Nach dem offiziellen Ende der Pandemie wagen sich viele Menschen schrittweise wieder zurück in das Leben, das sie von früher kannten. Dennoch sind die letzten Jahre nicht spurlos vorübergegangen. Corona hat in kürzester Zeit globale Veränderungen hervorgerufen, die das Lebensgefühl weltweit beeinflusst haben und auch für die Retail-Landschaft nicht folgenlos geblieben sind.

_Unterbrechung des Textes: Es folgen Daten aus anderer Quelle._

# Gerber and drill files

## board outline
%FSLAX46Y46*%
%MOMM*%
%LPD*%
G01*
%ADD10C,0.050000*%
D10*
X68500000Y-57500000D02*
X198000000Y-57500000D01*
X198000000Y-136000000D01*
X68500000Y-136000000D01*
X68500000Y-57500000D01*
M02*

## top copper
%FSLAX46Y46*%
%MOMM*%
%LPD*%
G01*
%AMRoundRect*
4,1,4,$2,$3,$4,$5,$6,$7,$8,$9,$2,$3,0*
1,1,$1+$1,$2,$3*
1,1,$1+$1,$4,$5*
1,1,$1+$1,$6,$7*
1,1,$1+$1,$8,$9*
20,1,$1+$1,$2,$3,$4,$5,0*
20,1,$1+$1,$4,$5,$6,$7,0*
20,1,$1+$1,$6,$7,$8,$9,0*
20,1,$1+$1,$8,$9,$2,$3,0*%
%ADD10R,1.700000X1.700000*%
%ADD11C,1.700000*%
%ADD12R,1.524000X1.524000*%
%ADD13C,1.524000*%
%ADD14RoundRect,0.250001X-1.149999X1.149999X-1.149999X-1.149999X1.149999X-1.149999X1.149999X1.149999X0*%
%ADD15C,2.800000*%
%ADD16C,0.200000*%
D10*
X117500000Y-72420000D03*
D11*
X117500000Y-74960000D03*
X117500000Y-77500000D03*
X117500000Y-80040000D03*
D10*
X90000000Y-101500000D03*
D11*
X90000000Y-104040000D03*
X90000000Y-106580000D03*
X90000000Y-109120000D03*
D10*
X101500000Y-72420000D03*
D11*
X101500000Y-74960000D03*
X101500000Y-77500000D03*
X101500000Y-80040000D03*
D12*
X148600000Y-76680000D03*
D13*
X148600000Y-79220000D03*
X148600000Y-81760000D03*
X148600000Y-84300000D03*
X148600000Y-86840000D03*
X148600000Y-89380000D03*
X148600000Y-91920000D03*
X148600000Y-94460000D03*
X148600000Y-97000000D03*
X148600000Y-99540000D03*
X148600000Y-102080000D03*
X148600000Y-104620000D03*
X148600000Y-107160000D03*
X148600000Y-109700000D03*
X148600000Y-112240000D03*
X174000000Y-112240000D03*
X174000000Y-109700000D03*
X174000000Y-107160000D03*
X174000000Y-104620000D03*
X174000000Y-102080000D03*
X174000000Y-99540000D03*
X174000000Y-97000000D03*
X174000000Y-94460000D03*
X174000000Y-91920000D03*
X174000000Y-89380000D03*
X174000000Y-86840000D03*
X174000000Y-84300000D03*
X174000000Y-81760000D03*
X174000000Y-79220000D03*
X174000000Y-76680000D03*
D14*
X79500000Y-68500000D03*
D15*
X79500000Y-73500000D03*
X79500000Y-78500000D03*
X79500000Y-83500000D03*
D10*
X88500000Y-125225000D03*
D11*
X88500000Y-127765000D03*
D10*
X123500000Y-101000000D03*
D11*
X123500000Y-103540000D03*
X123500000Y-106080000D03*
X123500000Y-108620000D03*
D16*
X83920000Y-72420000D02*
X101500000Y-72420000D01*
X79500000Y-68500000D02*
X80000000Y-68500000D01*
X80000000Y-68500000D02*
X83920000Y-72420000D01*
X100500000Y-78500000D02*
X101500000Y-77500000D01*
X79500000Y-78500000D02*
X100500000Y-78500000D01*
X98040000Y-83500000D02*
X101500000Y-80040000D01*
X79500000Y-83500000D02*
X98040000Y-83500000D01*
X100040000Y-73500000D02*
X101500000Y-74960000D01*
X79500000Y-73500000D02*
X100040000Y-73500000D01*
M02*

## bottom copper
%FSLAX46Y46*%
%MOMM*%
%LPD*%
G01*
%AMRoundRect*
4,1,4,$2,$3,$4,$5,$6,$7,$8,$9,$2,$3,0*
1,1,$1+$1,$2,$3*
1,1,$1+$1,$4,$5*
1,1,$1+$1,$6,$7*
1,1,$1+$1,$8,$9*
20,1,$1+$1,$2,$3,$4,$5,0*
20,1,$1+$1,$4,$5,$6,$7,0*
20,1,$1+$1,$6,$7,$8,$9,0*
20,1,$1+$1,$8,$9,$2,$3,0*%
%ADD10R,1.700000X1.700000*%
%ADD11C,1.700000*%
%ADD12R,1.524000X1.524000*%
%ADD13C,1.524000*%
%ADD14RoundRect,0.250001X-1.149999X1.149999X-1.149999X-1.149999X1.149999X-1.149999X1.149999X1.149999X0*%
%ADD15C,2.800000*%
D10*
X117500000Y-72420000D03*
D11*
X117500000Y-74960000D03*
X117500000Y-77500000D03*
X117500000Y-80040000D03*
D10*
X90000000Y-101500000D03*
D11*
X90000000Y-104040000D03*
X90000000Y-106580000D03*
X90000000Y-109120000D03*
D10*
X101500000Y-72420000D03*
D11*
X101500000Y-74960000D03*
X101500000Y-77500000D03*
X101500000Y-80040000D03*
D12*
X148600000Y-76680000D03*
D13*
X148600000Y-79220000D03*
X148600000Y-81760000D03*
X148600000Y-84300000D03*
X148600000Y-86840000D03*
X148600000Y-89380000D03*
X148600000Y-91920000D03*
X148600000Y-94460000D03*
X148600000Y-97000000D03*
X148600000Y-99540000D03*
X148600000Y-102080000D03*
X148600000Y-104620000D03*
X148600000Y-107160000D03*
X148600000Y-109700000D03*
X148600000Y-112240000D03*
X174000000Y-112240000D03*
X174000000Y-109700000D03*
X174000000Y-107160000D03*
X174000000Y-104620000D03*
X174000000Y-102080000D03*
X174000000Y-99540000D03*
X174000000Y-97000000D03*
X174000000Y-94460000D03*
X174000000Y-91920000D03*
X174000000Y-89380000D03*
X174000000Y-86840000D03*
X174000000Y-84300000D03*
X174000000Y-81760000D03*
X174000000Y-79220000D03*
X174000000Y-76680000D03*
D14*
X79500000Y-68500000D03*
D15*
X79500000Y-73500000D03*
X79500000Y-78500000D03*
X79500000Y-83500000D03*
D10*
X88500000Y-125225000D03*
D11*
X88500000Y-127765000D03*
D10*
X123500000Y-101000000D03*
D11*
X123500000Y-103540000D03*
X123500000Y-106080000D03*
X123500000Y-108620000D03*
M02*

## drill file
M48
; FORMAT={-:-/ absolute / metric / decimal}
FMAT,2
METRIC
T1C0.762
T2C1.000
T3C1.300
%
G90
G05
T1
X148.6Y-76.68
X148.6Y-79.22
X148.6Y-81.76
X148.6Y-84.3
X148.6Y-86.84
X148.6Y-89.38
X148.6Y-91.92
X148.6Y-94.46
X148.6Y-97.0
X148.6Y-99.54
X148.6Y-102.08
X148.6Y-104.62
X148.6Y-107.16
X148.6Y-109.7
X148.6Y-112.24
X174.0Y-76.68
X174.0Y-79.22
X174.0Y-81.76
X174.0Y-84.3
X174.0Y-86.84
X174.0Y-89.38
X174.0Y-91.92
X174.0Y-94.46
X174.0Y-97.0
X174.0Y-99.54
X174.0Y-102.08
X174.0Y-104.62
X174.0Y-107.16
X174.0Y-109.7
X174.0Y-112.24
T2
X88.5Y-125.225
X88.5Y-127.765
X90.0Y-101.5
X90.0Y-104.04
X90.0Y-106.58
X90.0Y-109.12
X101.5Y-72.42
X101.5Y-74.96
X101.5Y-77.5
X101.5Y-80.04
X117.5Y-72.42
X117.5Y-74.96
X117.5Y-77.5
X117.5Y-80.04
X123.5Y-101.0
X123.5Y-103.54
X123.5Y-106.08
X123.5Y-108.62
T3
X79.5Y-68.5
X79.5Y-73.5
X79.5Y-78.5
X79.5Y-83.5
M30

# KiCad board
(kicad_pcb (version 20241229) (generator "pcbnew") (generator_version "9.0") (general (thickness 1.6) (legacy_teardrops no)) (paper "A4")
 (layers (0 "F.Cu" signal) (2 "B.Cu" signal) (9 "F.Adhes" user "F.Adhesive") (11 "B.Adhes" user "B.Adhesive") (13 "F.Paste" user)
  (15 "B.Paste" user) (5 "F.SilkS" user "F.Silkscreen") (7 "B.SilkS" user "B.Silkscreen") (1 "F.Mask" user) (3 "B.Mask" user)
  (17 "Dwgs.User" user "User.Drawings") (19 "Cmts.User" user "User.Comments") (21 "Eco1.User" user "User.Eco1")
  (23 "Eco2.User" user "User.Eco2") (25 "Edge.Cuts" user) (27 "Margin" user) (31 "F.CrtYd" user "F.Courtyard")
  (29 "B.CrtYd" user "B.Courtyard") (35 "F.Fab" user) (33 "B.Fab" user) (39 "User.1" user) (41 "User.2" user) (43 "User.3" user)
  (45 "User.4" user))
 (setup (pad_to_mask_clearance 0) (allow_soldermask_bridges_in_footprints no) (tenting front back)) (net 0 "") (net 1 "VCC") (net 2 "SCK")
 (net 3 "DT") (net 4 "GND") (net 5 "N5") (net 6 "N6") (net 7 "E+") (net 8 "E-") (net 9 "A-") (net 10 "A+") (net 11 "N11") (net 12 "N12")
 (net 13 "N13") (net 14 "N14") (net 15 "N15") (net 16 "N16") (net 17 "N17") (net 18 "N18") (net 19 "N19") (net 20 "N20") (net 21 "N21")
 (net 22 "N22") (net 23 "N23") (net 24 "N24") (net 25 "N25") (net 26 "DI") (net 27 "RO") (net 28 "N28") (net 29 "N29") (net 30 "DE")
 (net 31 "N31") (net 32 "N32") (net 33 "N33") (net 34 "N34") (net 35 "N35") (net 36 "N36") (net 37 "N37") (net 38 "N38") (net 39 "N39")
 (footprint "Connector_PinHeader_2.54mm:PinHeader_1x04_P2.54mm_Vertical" (layer "F.Cu") (at 117.5 72.42)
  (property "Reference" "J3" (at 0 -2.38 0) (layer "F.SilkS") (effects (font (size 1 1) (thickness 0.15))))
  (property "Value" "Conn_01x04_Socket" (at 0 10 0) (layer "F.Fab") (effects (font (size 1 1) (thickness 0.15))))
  (pad "1" thru_hole rect (at 0 0) (size 1.7 1.7) (drill 1) (layers "*.Cu" "*.Mask") (remove_unused_layers no) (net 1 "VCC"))
  (pad "2" thru_hole circle (at 0 2.54) (size 1.7 1.7) (drill 1) (layers "*.Cu" "*.Mask") (remove_unused_layers no) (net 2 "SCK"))
  (pad "3" thru_hole circle (at 0 5.08) (size 1.7 1.7) (drill 1) (layers "*.Cu" "*.Mask") (remove_unused_layers no) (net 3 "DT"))
  (pad "4" thru_hole circle (at 0 7.62) (size 1.7 1.7) (drill 1) (layers "*.Cu" "*.Mask") (remove_unused_layers no) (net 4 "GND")))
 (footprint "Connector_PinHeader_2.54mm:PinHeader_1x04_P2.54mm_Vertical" (layer "F.Cu") (at 90 101.5)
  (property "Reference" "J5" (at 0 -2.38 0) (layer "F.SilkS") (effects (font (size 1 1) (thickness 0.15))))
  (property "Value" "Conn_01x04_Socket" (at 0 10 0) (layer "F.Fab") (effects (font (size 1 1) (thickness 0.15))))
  (pad "1" thru_hole rect (at 0 0) (size 1.7 1.7) (drill 1) (layers "*.Cu" "*.Mask") (remove_unused_layers no) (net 1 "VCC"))
  (pad "2" thru_hole circle (at 0 2.54) (size 1.7 1.7) (drill 1) (layers "*.Cu" "*.Mask") (remove_unused_layers no) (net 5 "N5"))
  (pad "3" thru_hole circle (at 0 5.08) (size 1.7 1.7) (drill 1) (layers "*.Cu" "*.Mask") (remove_unused_layers no) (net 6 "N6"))
  (pad "4" thru_hole circle (at 0 7.62) (size 1.7 1.7) (drill 1) (layers "*.Cu" "*.Mask") (remove_unused_layers no) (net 4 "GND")))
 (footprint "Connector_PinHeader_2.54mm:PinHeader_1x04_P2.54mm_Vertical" (layer "F.Cu") (at 101.5 72.42)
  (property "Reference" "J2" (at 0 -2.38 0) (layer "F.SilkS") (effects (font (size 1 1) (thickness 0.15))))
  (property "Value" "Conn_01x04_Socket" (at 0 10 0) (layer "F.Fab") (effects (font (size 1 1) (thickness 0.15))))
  (pad "1" thru_hole rect (at 0 0) (size 1.7 1.7) (drill 1) (layers "*.Cu" "*.Mask") (remove_unused_layers no) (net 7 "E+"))
  (pad "2" thru_hole circle (at 0 2.54) (size 1.7 1.7) (drill 1) (layers "*.Cu" "*.Mask") (remove_unused_layers no) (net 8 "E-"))
  (pad "3" thru_hole circle (at 0 5.08) (size 1.7 1.7) (drill 1) (layers "*.Cu" "*.Mask") (remove_unused_layers no) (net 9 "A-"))
  (pad "4" thru_hole circle (at 0 7.62) (size 1.7 1.7) (drill 1) (layers "*.Cu" "*.Mask") (remove_unused_layers no) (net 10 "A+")))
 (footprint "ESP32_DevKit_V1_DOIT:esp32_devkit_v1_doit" (layer "F.Cu") (at 161.3 76.68)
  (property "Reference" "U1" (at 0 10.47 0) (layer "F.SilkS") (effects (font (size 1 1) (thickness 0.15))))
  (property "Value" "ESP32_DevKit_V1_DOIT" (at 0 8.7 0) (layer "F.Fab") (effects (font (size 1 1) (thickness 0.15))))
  (pad "1" thru_hole rect (at -12.7 0) (size 1.524 1.524) (drill 0.762) (layers "*.Cu" "*.Mask") (remove_unused_layers no) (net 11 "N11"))
  (pad "2" thru_hole circle (at -12.7 2.54) (size 1.524 1.524) (drill 0.762) (layers "*.Cu" "*.Mask") (remove_unused_layers no)
   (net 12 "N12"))
  (pad "3" thru_hole circle (at -12.7 5.08) (size 1.524 1.524) (drill 0.762) (layers "*.Cu" "*.Mask") (remove_unused_layers no)
   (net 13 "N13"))
  (pad "4" thru_hole circle (at -12.7 7.62) (size 1.524 1.524) (drill 0.762) (layers "*.Cu" "*.Mask") (remove_unused_layers no)
   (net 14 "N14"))
  (pad "5" thru_hole circle (at -12.7 10.16) (size 1.524 1.524) (drill 0.762) (layers "*.Cu" "*.Mask") (remove_unused_layers no)
   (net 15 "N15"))
  (pad "6" thru_hole circle (at -12.7 12.7) (size 1.524 1.524) (drill 0.762) (layers "*.Cu" "*.Mask") (remove_unused_layers no)
   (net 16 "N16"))
  (pad "7" thru_hole circle (at -12.7 15.24) (size 1.524 1.524) (drill 0.762) (layers "*.Cu" "*.Mask") (remove_unused_layers no)
   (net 3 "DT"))
  (pad "8" thru_hole circle (at -12.7 17.78) (size 1.524 1.524) (drill 0.762) (layers "*.Cu" "*.Mask") (remove_unused_layers no)
   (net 2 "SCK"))
  (pad "9" thru_hole circle (at -12.7 20.32) (size 1.524 1.524) (drill 0.762) (layers "*.Cu" "*.Mask") (remove_unused_layers no)
   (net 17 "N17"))
  (pad "10" thru_hole circle (at -12.7 22.86) (size 1.524 1.524) (drill 0.762) (layers "*.Cu" "*.Mask") (remove_unused_layers no)
   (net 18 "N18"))
  (pad "11" thru_hole circle (at -12.7 25.4) (size 1.524 1.524) (drill 0.762) (layers "*.Cu" "*.Mask") (remove_unused_layers no)
   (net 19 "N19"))
  (pad "12" thru_hole circle (at -12.7 27.94) (size 1.524 1.524) (drill 0.762) (layers "*.Cu" "*.Mask") (remove_unused_layers no)
   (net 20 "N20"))
  (pad "13" thru_hole circle (at -12.7 30.48) (size 1.524 1.524) (drill 0.762) (layers "*.Cu" "*.Mask") (remove_unused_layers no)
   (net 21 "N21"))
  (pad "14" thru_hole circle (at -12.7 33.02) (size 1.524 1.524) (drill 0.762) (layers "*.Cu" "*.Mask") (remove_unused_layers no)
   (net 4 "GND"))
  (pad "15" thru_hole circle (at -12.7 35.56) (size 1.524 1.524) (drill 0.762) (layers "*.Cu" "*.Mask") (remove_unused_layers no)
   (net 1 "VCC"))
  (pad "16" thru_hole circle (at 12.7 35.56) (size 1.524 1.524) (drill 0.762) (layers "*.Cu" "*.Mask") (remove_unused_layers no)
   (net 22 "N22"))
  (pad "17" thru_hole circle (at 12.7 33.02) (size 1.524 1.524) (drill 0.762) (layers "*.Cu" "*.Mask") (remove_unused_layers no)
   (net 4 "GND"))
  (pad "18" thru_hole circle (at 12.7 30.48) (size 1.524 1.524) (drill 0.762) (layers "*.Cu" "*.Mask") (remove_unused_layers no)
   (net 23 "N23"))
  (pad "19" thru_hole circle (at 12.7 27.94) (size 1.524 1.524) (drill 0.762) (layers "*.Cu" "*.Mask") (remove_unused_layers no)
   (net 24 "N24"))
  (pad "20" thru_hole circle (at 12.7 25.4) (size 1.524 1.524) (drill 0.762) (layers "*.Cu" "*.Mask") (remove_unused_layers no)
   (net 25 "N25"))
  (pad "21" thru_hole circle (at 12.7 22.86) (size 1.524 1.524) (drill 0.762) (layers "*.Cu" "*.Mask") (remove_unused_layers no)
   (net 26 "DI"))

Sah man vor wenigen Jahren Malls und Konsumtempel, konzipiert für ein hohes Aufkommen an Verbraucher:innen, noch in den Himmel wachsen, haben die Maßstäbe sich heute verändert: Man denkt kleiner, und an die Stelle von Statussymbolen und eines „Höher-Schneller-Weiter“ sind andere Werte getreten. Diese Entwicklung zeichnete sich bereits angesichts der Klimaveränderungen ab, doch während der Pandemie hat sie sich noch einmal verstärkt.
Luxus bedeutet heute mehr denn je Sicherheit, Geborgenheit und Zeit, die vorrangig mit Freunden oder im Kreis der Familie verbracht wird. Zudem prägt den Zeitgeist eine Nostalgie, der Wunsch nach Einfachheit, Beherrschbarkeit und Nähe zur Natur, der sich beispielsweise in der Stadtflucht manifestiert. So haben die Großstädte in Deutschland 2021 so stark an Bevölkerung verloren wie zuletzt 1994, das ermittelte jüngst das Bundesinstitut für Bevölkerungsforschung.
Cocooning
Ein Ausdruck dieses Rückzugs ist ein Interior- Design-Trend, der insbesondere in China, aber nun auch in Europa und Südamerika an Einfluss gewinnt. Immer öfter begegnen uns höhlenartige Interieurs. Die Höhle als Schutz- und Rückzugsort, als Treffpunkt für Familie und Gleichgesinnte, erlebt im Ladenbau eine Hausse.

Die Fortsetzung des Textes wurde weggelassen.